The break-up of the ice bridge alarms scientists because it could accelerate the break-up of the rest of the Wilkins shelf. This was at least the 10th shelf to start disintegrating quickly in recent years, said Mr Fleming, and several more were in danger.
Rapid melting of polar sea ice is of particular concern for two reasons: disappearing ice leaves areas of open sea that are dark, and – unlike the reflective ice – absorb the sun’s heat, accelerating the warming process; the break-up of ice shelves exposes glaciers that then begin to move faster to the sea.
The Arctic and some of the Antarctic float on the sea. Ice takes up more space than water, and when this floating ice melts, it does not directly raise sea levels, in the same way that the melting of ice cubes in a full glass of water would not cause the glass to overflow.
However, the glaciers of the Antarctic peninsula are on land, so when they tumble into the sea, they contribute directly to rising sea levels. In the north, the Greenland ice sheet is also on land, and its glaciers are flowing faster to the sea.
If Greenland’s ice sheet melted, it would raise sea levels by seven metres, and if both the east and west Antarctic ice sheets went, the figure would be 10 times higher.

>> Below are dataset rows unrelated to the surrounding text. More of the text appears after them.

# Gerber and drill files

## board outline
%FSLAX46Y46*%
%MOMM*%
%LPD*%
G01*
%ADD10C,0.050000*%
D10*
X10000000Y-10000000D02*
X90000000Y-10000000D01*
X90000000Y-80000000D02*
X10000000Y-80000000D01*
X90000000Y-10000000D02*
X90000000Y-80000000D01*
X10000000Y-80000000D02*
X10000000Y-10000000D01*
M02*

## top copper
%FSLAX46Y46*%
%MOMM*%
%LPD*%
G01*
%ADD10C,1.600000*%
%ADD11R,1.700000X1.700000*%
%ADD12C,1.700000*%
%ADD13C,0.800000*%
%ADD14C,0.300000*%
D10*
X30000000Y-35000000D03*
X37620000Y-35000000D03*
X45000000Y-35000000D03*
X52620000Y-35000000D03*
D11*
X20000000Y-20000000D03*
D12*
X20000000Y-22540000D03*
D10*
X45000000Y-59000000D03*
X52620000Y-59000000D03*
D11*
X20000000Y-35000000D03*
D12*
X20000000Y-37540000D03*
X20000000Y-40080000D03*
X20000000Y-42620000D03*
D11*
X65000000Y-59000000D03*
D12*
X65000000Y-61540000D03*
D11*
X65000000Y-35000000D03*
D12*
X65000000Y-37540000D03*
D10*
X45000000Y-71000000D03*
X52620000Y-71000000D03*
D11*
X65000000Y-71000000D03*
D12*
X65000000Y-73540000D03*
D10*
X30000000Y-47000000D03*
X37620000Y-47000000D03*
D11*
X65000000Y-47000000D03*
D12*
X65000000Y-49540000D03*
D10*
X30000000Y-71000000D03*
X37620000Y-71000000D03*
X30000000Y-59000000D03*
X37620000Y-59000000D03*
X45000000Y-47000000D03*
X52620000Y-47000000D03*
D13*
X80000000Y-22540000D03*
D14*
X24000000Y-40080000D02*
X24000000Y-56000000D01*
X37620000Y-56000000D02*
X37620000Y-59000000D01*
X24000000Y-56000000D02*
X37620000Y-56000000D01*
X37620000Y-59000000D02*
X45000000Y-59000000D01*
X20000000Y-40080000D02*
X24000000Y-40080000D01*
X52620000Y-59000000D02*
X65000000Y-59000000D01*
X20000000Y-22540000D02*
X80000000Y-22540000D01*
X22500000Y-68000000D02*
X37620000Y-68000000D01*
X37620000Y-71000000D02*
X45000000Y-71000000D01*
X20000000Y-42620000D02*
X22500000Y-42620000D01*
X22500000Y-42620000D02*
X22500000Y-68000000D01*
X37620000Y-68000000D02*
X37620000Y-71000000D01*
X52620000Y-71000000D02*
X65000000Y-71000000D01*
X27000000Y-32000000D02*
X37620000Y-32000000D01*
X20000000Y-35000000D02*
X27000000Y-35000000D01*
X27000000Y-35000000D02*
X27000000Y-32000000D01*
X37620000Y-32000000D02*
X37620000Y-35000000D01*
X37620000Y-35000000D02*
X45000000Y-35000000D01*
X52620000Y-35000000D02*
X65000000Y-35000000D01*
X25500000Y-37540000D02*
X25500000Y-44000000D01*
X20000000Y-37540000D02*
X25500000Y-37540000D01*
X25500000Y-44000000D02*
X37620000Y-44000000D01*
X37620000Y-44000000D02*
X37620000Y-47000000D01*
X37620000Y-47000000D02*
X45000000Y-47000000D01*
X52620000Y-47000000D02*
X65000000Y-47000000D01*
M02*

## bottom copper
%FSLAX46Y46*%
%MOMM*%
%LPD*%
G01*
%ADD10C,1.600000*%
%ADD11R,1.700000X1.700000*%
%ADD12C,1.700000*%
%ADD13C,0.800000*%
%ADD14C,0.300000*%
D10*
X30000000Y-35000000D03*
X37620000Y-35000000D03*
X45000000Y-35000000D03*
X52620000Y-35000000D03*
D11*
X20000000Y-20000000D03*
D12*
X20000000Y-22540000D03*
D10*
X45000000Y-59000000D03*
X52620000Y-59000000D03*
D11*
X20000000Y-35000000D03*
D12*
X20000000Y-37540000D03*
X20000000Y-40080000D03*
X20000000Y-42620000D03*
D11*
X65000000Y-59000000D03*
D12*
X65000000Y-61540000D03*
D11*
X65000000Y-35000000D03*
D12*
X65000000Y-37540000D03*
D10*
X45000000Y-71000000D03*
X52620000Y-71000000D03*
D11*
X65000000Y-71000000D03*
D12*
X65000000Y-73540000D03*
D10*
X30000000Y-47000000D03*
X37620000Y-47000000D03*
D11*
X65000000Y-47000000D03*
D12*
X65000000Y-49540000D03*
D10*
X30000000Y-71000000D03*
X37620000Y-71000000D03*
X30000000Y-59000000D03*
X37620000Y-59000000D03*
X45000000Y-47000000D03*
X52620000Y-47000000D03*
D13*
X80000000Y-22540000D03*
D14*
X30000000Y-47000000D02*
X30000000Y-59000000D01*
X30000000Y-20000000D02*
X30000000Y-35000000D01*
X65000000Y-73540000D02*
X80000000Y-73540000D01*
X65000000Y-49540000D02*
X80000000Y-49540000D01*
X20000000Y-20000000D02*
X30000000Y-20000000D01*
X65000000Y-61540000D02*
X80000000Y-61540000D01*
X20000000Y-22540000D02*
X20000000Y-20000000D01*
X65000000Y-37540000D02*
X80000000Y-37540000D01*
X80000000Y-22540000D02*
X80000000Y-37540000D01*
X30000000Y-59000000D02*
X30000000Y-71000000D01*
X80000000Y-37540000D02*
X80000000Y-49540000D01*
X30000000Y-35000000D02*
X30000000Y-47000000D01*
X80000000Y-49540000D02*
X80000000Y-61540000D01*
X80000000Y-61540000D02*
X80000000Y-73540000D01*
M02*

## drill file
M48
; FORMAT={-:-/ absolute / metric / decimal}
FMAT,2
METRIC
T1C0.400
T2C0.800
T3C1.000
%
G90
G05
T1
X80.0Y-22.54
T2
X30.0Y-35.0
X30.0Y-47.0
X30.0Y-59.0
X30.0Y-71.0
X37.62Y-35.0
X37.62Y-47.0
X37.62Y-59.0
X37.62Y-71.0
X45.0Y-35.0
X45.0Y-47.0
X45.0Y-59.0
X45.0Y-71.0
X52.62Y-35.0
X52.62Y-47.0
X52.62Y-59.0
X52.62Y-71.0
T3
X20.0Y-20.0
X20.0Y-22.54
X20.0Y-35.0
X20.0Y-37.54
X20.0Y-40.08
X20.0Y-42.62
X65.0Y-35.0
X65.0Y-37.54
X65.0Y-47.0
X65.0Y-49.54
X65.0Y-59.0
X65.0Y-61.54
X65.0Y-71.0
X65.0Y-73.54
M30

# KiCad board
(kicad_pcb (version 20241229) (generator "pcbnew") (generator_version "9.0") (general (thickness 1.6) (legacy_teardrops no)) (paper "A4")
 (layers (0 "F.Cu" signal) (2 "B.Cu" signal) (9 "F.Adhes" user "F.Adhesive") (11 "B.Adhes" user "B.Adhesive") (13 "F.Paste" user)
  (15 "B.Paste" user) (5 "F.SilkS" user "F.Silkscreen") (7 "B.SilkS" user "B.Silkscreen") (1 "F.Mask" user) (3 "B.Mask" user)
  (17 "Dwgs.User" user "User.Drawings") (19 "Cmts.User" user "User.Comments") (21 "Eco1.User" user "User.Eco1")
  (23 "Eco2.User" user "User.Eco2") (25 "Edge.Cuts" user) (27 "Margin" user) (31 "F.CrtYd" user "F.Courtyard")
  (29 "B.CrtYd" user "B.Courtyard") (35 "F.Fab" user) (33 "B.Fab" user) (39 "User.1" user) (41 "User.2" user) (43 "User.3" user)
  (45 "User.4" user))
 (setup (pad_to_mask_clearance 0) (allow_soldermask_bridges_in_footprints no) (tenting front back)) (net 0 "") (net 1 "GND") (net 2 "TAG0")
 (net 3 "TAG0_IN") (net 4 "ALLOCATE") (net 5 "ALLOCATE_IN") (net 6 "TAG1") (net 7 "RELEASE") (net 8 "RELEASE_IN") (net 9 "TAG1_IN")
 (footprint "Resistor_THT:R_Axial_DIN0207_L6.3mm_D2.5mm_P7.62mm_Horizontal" (layer "F.Cu") (at 30 35)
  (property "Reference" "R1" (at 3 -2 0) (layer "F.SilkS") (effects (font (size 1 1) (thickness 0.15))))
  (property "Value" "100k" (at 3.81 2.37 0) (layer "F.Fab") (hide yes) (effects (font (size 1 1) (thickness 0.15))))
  (pad "1" thru_hole circle (at 0 0) (size 1.6 1.6) (drill 0.8) (layers "*.Cu" "*.Mask") (remove_unused_layers no) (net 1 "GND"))
  (pad "2" thru_hole circle (at 7.62 0) (size 1.6 1.6) (drill 0.8) (layers "*.Cu" "*.Mask") (remove_unused_layers no) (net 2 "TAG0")))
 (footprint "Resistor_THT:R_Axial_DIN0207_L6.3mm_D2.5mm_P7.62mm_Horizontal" (layer "F.Cu") (at 45 35)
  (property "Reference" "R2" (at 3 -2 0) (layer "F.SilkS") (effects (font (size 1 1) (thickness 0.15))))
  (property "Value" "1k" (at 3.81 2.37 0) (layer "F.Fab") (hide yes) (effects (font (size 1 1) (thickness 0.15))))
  (pad "1" thru_hole circle (at 0 0) (size 1.6 1.6) (drill 0.8) (layers "*.Cu" "*.Mask") (remove_unused_layers no) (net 2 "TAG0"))
  (pad "2" thru_hole circle (at 7.62 0) (size 1.6 1.6) (drill 0.8) (layers "*.Cu" "*.Mask") (remove_unused_layers no) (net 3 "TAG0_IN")))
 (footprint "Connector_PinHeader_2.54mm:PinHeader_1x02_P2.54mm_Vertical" (layer "F.Cu") (at 20 20)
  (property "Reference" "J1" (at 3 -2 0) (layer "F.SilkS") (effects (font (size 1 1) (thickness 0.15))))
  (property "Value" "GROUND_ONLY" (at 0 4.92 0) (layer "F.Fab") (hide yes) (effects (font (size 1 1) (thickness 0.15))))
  (pad "1" thru_hole rect (at 0 0) (size 1.7 1.7) (drill 1) (layers "*.Cu" "*.Mask") (remove_unused_layers no) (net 1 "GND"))
  (pad "2" thru_hole circle (at 0 2.54) (size 1.7 1.7) (drill 1) (layers "*.Cu" "*.Mask") (remove_unused_layers no) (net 1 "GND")))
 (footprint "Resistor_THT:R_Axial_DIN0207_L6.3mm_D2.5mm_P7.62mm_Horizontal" (layer "F.Cu") (at 45 59)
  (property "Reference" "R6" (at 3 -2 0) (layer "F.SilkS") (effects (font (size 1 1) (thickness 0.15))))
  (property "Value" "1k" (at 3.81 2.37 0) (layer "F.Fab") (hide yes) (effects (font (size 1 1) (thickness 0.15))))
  (pad "1" thru_hole circle (at 0 0) (size 1.6 1.6) (drill 0.8) (layers "*.Cu" "*.Mask") (remove_unused_layers no) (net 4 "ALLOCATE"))
  (pad "2" thru_hole circle (at 7.62 0) (size 1.6 1.6) (drill 0.8) (layers "*.Cu" "*.Mask") (remove_unused_layers no) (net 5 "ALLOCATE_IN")))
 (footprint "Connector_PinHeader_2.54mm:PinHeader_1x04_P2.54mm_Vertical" (layer "F.Cu") (at 20 35)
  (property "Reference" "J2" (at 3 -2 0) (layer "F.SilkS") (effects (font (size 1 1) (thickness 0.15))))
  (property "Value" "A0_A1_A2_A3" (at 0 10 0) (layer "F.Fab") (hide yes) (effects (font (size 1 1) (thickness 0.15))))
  (pad "1" thru_hole rect (at 0 0) (size 1.7 1.7) (drill 1) (layers "*.Cu" "*.Mask") (remove_unused_layers no) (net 2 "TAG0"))
  (pad "2" thru_hole circle (at 0 2.54) (size 1.7 1.7) (drill 1) (layers "*.Cu" "*.Mask") (remove_unused_layers no) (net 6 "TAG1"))
  (pad "3" thru_hole circle (at 0 5.08) (size 1.7 1.7) (drill 1) (layers "*.Cu" "*.Mask") (remove_unused_layers no) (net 4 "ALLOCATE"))
  (pad "4" thru_hole circle (at 0 7.62) (size 1.7 1.7) (drill 1) (layers "*.Cu" "*.Mask") (remove_unused_layers no) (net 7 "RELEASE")))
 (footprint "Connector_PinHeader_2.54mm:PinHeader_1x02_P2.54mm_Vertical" (layer "F.Cu") (at 65 59)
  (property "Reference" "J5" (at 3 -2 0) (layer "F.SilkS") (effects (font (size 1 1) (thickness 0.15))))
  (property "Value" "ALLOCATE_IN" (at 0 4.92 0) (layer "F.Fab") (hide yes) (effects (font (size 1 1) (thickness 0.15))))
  (pad "1" thru_hole rect (at 0 0) (size 1.7 1.7) (drill 1) (layers "*.Cu" "*.Mask") (remove_unused_layers no) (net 5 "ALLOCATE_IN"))
  (pad "2" thru_hole circle (at 0 2.54) (size 1.7 1.7) (drill 1) (layers "*.Cu" "*.Mask") (remove_unused_layers no) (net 1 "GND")))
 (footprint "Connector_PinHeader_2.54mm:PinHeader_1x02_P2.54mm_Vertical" (layer "F.Cu") (at 65 35)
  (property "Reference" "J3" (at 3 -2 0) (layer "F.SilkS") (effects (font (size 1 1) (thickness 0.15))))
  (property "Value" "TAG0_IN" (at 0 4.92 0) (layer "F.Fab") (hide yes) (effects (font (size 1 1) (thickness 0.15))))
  (pad "1" thru_hole rect (at 0 0) (size 1.7 1.7) (drill 1) (layers "*.Cu" "*.Mask") (remove_unused_layers no) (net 3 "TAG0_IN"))
  (pad "2" thru_hole circle (at 0 2.54) (size 1.7 1.7) (drill 1) (layers "*.Cu" "*.Mask") (remove_unused_layers no) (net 1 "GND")))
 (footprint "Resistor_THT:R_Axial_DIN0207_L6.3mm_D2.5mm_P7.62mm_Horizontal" (layer "F.Cu") (at 45 71)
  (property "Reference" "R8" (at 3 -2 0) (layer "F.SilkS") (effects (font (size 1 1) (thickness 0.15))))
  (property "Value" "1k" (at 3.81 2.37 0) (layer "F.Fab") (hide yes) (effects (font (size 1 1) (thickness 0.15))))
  (pad "1" thru_hole circle (at 0 0) (size 1.6 1.6) (drill 0.8) (layers "*.Cu" "*.Mask") (remove_unused_layers no) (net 7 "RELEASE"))
  (pad "2" thru_hole circle (at 7.62 0) (size 1.6 1.6) (drill 0.8) (layers "*.Cu" "*.Mask") (remove_unused_layers no) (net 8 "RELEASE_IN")))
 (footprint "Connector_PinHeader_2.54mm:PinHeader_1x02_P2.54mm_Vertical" (layer "F.Cu") (at 65 71)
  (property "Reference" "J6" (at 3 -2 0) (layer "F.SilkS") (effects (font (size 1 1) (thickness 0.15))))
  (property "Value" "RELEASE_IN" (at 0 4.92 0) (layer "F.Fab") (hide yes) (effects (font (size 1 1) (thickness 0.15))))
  (pad "1" thru_hole rect (at 0 0) (size 1.7 1.7) (drill 1) (layers "*.Cu" "*.Mask") (remove_unused_layers no) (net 8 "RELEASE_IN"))
  (pad "2" thru_hole circle (at 0 2.54) (size 1.7 1.7) (drill 1) (layers "*.Cu" "*.Mask") (remove_unused_layers no) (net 1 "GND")))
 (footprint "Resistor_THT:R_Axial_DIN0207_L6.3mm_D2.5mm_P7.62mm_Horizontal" (layer "F.Cu") (at 30 47)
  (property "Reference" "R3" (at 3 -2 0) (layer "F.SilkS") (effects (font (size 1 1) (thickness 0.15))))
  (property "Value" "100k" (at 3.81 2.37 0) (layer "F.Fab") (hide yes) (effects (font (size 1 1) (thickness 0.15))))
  (pad "1" thru_hole circle (at 0 0) (size 1.6 1.6) (drill 0.8) (layers "*.Cu" "*.Mask") (remove_unused_layers no) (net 1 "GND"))
  (pad "2" thru_hole circle (at 7.62 0) (size 1.6 1.6) (drill 0.8) (layers "*.Cu" "*.Mask") (remove_unused_layers no) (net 6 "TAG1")))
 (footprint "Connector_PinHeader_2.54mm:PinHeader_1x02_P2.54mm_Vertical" (layer "F.Cu") (at 65 47)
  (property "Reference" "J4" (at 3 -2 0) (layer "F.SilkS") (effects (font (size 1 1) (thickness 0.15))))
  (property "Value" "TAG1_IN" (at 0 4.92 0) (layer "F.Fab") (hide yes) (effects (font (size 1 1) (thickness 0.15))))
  (pad "1" thru_hole rect (at 0 0) (size 1.7 1.7) (drill 1) (layers "*.Cu" "*.Mask") (remove_unused_layers no) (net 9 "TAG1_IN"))
  (pad "2" thru_hole circle (at 0 2.54) (size 1.7 1.7) (drill 1) (layers "*.Cu" "*.Mask") (remove_unused_layers no) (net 1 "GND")))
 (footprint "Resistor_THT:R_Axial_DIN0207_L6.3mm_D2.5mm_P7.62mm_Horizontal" (layer "F.Cu") (at 30 71)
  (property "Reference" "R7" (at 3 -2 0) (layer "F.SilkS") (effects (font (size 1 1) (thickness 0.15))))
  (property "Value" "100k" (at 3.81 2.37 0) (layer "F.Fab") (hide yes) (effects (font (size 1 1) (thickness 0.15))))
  (pad "1" thru_hole circle (at 0 0) (size 1.6 1.6) (drill 0.8) (layers "*.Cu" "*.Mask") (remove_unused_layers no) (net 1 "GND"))
  (pad "2" thru_hole circle (at 7.62 0) (size 1.6 1.6) (drill 0.8) (layers "*.Cu" "*.Mask") (remove_unused_layers no) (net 7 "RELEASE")))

That would take hundreds of years, according to the Intergovernmental Panel on Climate Change.
Long before the land ice disappeared, however, sea levels would rise significantly – a 1 per cent loss of the Antarctic land ice would probably raise levels by 65cm, estimates the Norwegian Polar Institute.
Two conferences this week were addressing the problems of the poles and climate change. At a joint meeting of the Antarctic Treaty and the Arctic Council in the US, Hillary Clinton, US secretary of state, said the news of the Wilkins ice shelf showed “global warming has already had enormous effects on our planet, and we have no time to lose in tackling this crisis”.
In Bonn, governments met for the first meeting to thrash out the details of a successor to the Kyoto protocol on climate change.
One factor that could help to slow the melting of the Arctic, but which has not yet received serious consideration internationally, would be to cut the amount of “black carbon” – soot – that we spew into the air. Black carbon darkens ice when it falls, causing it to absorb more heat, and may be responsible for half of the warming effect in the Arctic, according to research. Cutting soot would not only remove large amounts of air pollution, but, say some scientists, could be quicker and easier than cutting carbon dioxide emissions.